### About this exercise
From the entries below, return only the lines starting at the one that contains "(pad 2 smd rect (at -4.25" and ending at the one that contains "(pad 7 smd rect", exactly as they stand.

### Source material
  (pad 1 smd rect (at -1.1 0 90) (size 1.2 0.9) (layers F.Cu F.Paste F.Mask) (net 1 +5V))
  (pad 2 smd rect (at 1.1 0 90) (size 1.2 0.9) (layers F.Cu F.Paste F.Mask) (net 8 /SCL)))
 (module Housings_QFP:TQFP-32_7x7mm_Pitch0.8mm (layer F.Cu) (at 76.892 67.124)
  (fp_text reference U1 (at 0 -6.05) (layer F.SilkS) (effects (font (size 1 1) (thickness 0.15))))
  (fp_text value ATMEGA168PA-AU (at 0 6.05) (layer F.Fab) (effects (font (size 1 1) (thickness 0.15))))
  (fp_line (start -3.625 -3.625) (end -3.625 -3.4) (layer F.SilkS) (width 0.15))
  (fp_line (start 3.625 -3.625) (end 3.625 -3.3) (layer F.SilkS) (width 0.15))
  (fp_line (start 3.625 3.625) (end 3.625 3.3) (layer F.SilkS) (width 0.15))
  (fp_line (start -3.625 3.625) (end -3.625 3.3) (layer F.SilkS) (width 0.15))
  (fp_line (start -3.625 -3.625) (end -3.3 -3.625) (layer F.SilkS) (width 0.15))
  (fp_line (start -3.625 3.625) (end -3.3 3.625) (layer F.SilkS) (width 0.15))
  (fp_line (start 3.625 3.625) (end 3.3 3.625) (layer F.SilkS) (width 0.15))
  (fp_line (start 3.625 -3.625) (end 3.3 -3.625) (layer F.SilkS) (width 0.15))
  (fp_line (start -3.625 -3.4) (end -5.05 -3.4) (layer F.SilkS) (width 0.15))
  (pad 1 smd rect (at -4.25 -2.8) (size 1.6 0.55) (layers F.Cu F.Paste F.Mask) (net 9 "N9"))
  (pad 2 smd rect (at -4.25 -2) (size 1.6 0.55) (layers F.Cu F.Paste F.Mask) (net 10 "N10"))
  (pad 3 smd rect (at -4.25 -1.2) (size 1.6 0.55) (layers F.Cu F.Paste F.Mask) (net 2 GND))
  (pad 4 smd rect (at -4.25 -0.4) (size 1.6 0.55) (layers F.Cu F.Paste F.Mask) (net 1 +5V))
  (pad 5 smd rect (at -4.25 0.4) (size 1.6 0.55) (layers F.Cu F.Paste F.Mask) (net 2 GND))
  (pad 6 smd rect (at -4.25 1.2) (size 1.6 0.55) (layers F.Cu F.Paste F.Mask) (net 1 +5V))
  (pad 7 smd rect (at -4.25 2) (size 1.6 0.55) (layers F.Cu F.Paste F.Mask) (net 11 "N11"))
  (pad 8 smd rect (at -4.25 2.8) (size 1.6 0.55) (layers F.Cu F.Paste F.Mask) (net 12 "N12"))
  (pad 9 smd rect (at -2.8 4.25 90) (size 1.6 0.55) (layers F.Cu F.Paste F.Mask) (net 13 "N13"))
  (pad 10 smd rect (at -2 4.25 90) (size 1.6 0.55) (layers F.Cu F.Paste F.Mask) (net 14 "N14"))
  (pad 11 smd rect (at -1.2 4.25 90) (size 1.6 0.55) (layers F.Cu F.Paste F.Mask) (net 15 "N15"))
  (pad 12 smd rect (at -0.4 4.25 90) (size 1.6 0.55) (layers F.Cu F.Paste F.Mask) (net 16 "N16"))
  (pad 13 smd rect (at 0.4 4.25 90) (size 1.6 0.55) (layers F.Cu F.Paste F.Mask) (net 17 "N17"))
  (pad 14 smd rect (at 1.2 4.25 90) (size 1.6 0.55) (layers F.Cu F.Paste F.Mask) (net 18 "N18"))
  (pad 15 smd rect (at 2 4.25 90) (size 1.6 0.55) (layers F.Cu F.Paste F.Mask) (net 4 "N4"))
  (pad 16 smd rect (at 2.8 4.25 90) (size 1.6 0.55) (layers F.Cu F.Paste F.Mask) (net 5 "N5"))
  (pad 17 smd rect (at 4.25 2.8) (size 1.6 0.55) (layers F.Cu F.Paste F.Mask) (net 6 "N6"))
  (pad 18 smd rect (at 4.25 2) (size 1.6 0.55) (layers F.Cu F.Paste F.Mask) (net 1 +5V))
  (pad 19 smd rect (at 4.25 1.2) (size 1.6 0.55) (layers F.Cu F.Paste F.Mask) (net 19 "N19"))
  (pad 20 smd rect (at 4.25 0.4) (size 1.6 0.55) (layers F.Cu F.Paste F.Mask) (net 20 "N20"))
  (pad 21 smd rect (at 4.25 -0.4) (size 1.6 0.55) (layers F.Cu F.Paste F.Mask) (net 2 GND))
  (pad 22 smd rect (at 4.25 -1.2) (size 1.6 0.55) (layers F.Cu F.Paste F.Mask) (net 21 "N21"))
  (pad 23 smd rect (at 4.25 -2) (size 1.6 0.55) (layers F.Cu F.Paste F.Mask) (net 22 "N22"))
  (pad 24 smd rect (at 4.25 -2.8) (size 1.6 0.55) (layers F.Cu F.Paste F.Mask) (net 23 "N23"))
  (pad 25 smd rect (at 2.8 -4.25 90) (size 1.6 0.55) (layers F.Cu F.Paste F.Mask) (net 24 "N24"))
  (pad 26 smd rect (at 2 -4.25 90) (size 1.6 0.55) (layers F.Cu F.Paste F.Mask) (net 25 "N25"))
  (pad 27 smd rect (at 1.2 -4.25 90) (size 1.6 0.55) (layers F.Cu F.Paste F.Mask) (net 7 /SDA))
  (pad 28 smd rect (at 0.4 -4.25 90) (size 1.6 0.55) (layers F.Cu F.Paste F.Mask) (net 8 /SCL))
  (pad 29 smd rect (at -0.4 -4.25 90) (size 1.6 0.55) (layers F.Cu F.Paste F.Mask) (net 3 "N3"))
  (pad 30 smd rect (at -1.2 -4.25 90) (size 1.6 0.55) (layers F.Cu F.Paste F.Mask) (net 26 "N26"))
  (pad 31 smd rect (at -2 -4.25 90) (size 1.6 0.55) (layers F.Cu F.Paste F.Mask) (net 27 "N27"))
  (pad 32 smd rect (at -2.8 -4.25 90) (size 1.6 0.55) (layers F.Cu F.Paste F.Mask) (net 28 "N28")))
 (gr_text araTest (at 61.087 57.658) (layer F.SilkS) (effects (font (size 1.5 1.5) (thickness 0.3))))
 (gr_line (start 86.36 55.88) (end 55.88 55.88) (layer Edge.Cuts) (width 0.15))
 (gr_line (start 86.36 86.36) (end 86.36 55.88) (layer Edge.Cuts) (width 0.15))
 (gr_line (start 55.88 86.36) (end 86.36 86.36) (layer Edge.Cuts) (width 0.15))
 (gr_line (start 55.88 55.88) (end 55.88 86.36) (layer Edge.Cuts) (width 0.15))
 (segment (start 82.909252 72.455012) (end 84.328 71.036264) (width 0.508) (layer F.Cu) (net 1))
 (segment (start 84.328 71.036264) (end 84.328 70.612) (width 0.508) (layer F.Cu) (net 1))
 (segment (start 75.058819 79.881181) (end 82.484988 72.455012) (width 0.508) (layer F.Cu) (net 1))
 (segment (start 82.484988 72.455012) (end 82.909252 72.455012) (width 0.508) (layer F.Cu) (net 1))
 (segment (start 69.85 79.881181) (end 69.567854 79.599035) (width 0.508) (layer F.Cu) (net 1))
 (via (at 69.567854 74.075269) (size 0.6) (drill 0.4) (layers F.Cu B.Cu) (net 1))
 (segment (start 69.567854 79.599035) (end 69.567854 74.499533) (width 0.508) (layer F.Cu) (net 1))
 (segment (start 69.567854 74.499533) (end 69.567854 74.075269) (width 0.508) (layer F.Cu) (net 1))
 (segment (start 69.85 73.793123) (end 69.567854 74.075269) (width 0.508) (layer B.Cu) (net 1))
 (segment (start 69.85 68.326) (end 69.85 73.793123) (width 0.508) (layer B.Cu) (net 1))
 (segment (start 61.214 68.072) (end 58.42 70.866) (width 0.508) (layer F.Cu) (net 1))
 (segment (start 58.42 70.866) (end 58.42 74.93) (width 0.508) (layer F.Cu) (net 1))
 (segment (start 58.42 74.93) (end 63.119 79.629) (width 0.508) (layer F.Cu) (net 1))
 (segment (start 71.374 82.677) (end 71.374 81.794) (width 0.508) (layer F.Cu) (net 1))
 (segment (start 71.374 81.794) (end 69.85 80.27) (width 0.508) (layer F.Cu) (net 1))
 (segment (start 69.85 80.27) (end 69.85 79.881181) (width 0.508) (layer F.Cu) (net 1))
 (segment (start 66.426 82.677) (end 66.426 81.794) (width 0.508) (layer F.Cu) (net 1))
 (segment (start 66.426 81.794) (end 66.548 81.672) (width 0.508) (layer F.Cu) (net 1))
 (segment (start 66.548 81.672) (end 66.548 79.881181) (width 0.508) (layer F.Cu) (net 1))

### Final answer
  (pad 2 smd rect (at -4.25 -2) (size 1.6 0.55) (layers F.Cu F.Paste F.Mask) (net 10 "N10"))
  (pad 3 smd rect (at -4.25 -1.2) (size 1.6 0.55) (layers F.Cu F.Paste F.Mask) (net 2 GND))
  (pad 4 smd rect (at -4.25 -0.4) (size 1.6 0.55) (layers F.Cu F.Paste F.Mask) (net 1 +5V))
  (pad 5 smd rect (at -4.25 0.4) (size 1.6 0.55) (layers F.Cu F.Paste F.Mask) (net 2 GND))
  (pad 6 smd rect (at -4.25 1.2) (size 1.6 0.55) (layers F.Cu F.Paste F.Mask) (net 1 +5V))
  (pad 7 smd rect (at -4.25 2) (size 1.6 0.55) (layers F.Cu F.Paste F.Mask) (net 11 "N11"))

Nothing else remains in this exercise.